Photo: Mey Dudin / epd

The EU supply chain law was almost considered a done deal - until the FDP blocked the new directive and forced the traffic light to abstain in the final vote in Brussels a week ago. The vote was then postponed indefinitely. And once again the FDP was seen as a party of naysayers and slowdowns and the federal government at EU level was at least fickle. The SPD and the Greens were outraged, but initially nothing changed. The law, which was supposed to hold companies across Europe responsible for abuses in their supply chains - child labor, environmental violations, forced labor - had initially failed.

“Dissuade the FDP from its blockade course”

Parts of the SPD, such as the Left Party and the Jusos, do not want to accept this. And submit a corresponding motion at the meeting of the party executive committee on Monday, in which they call on the federal government to "dissuade the FDP from its blockade course and agree to the EU supply chain directive (...)." Addressed to the FDP, the application, which SPIEGEL has received and which the "taz" first reported, states that it should abandon the blockade and thus "clear the way for German approval."

The FDP's veto, the motion continues, has "already damaged trust in Germany and its role in the EU." Such last-minute abstentions have become a popular term among the European public as “German votes”. The current course, the abstention on the supply chain law, "which acts like a dissenting voice in the European state, is unacceptable for us."

“Almost 80 percent think the law can be implemented”

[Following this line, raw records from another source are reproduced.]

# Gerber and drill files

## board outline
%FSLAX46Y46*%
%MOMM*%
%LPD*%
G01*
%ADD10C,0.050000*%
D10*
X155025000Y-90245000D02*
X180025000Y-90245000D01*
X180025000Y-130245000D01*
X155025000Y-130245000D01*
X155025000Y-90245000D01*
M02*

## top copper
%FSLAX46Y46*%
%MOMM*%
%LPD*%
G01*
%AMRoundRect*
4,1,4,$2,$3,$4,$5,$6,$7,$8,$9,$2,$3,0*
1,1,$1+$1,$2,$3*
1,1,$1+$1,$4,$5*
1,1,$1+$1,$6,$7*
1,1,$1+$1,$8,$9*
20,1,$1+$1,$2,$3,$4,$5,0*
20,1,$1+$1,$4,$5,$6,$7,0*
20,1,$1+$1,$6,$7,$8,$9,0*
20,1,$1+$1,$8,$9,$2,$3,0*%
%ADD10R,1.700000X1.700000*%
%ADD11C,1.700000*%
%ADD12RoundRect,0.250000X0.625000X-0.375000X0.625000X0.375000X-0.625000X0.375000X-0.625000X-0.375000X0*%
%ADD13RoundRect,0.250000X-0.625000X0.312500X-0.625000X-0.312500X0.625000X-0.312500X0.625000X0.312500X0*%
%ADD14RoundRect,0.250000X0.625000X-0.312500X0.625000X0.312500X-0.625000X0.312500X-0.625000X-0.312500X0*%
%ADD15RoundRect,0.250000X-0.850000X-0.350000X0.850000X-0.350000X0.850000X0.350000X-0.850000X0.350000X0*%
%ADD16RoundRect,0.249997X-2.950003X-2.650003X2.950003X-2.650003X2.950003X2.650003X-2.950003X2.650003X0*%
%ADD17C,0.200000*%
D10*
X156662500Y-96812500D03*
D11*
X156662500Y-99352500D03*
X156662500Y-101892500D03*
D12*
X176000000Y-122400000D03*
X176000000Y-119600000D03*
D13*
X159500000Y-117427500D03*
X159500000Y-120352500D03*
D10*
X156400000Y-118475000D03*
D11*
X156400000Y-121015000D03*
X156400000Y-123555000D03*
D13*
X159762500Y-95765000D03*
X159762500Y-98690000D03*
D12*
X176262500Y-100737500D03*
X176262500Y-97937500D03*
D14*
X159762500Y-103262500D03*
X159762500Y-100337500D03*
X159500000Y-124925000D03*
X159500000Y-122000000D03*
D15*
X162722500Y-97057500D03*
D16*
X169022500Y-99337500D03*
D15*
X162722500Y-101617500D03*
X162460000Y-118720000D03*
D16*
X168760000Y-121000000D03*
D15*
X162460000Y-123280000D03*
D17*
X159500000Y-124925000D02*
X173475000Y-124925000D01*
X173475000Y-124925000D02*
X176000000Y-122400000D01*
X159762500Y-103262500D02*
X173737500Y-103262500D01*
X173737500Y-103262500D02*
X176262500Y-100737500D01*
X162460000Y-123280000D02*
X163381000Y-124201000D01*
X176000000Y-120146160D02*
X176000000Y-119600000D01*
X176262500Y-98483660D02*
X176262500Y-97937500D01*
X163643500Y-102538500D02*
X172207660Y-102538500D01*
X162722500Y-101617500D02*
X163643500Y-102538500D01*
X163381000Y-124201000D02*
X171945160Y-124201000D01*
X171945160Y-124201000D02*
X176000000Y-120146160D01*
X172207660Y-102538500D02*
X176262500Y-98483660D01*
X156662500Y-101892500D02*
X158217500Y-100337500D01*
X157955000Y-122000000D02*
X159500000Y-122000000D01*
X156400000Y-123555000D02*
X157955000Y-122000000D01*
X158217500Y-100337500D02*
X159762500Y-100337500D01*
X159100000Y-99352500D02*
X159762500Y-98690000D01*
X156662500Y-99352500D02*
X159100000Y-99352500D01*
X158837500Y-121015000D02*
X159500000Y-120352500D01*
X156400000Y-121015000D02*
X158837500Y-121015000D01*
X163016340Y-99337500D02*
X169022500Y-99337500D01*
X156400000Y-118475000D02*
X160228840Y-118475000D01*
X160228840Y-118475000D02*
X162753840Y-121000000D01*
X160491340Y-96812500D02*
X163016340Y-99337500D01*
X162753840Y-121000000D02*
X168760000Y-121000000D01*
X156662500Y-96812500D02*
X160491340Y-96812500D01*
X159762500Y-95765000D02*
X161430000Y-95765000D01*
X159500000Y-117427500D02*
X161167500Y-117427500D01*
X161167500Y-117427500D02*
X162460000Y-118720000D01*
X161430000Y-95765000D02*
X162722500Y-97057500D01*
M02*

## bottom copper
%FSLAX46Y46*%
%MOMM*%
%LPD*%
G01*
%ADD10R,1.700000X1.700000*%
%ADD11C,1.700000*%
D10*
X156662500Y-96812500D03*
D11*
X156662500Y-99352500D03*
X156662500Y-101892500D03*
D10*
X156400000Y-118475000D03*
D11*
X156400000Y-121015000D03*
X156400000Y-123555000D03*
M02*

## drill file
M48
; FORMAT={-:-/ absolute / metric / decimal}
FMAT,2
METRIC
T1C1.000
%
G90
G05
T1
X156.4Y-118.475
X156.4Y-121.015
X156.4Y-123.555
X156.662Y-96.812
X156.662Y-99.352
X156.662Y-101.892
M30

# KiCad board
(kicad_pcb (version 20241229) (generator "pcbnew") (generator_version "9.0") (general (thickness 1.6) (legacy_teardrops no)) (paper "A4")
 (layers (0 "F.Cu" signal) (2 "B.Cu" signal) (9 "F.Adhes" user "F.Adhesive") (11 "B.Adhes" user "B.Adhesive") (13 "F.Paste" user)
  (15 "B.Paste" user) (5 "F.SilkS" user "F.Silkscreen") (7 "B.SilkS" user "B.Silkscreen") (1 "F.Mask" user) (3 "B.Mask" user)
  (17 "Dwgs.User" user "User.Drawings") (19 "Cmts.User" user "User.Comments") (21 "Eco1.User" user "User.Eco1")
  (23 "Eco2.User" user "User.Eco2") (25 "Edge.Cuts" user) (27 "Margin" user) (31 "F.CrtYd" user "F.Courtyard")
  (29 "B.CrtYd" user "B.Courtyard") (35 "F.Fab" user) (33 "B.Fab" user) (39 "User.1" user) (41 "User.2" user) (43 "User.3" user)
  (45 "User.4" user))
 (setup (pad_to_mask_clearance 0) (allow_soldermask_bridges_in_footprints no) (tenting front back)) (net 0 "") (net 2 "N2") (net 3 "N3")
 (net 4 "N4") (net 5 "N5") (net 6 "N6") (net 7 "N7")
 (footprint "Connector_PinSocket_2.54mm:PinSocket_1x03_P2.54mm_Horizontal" (layer "F.Cu") (at 156.6625 96.8125)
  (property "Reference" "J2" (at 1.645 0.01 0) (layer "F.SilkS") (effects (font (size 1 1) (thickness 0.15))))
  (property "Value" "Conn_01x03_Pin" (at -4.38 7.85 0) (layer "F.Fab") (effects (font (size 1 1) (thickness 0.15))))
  (pad "1" thru_hole rect (at 0 0) (size 1.7 1.7) (drill 1) (layers "*.Cu" "*.Mask") (remove_unused_layers no) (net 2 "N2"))
  (pad "2" thru_hole circle (at 0 2.54) (size 1.7 1.7) (drill 1) (layers "*.Cu" "*.Mask") (remove_unused_layers no) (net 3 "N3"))
  (pad "3" thru_hole circle (at 0 5.08) (size 1.7 1.7) (drill 1) (layers "*.Cu" "*.Mask") (remove_unused_layers no) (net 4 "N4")))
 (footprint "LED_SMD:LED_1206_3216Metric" (layer "F.Cu") (at 176 121 90)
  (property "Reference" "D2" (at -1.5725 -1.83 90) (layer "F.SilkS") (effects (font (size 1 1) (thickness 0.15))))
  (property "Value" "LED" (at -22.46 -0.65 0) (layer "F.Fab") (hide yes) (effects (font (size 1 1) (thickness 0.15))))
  (pad "1" smd roundrect (at -1.4 0 90) (size 1.25 1.75) (layers "F.Cu" "F.Mask" "F.Paste") (roundrect_rratio 0.2) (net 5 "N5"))
  (pad "2" smd roundrect (at 1.4 0 90) (size 1.25 1.75) (layers "F.Cu" "F.Mask" "F.Paste") (roundrect_rratio 0.2) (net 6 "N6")))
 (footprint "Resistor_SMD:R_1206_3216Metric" (layer "F.Cu") (at 159.5 118.89 -90)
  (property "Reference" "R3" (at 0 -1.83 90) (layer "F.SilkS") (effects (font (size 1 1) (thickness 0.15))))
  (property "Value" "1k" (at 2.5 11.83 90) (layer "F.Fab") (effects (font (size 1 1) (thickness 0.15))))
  (pad "1" smd roundrect (at -1.4625 0 270) (size 1.125 1.75) (layers "F.Cu" "F.Mask" "F.Paste") (roundrect_rratio 0.222222) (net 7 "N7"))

The FDP justified its "no" as follows: Too much bureaucracy, too many reporting requirements, and medium-sized companies would be burdened too heavily by the law. The SPD party leftist Sebastian Roloff, who is also a member of the party executive committee and signatory of the motion, told SPIEGEL on Saturday: "This criticism of the EU supply chain law does not take into account the fact that small and medium-sized companies are exempt from it and that there are no additional ones for large companies either There are reporting requirements that would burden the economy with more bureaucracy. Almost 80 percent of German companies, according to the application, considered the law to be implementable.

In order to find a compromise, the applicants put forward further suggestions: For example, that companies with 1,000 employees or more would only be obliged to comply with the new EU directive. Previously, the regulation was supposed to apply to companies with more than 500 employees. Germany has had its own supply chain law in effect since the beginning of 2023.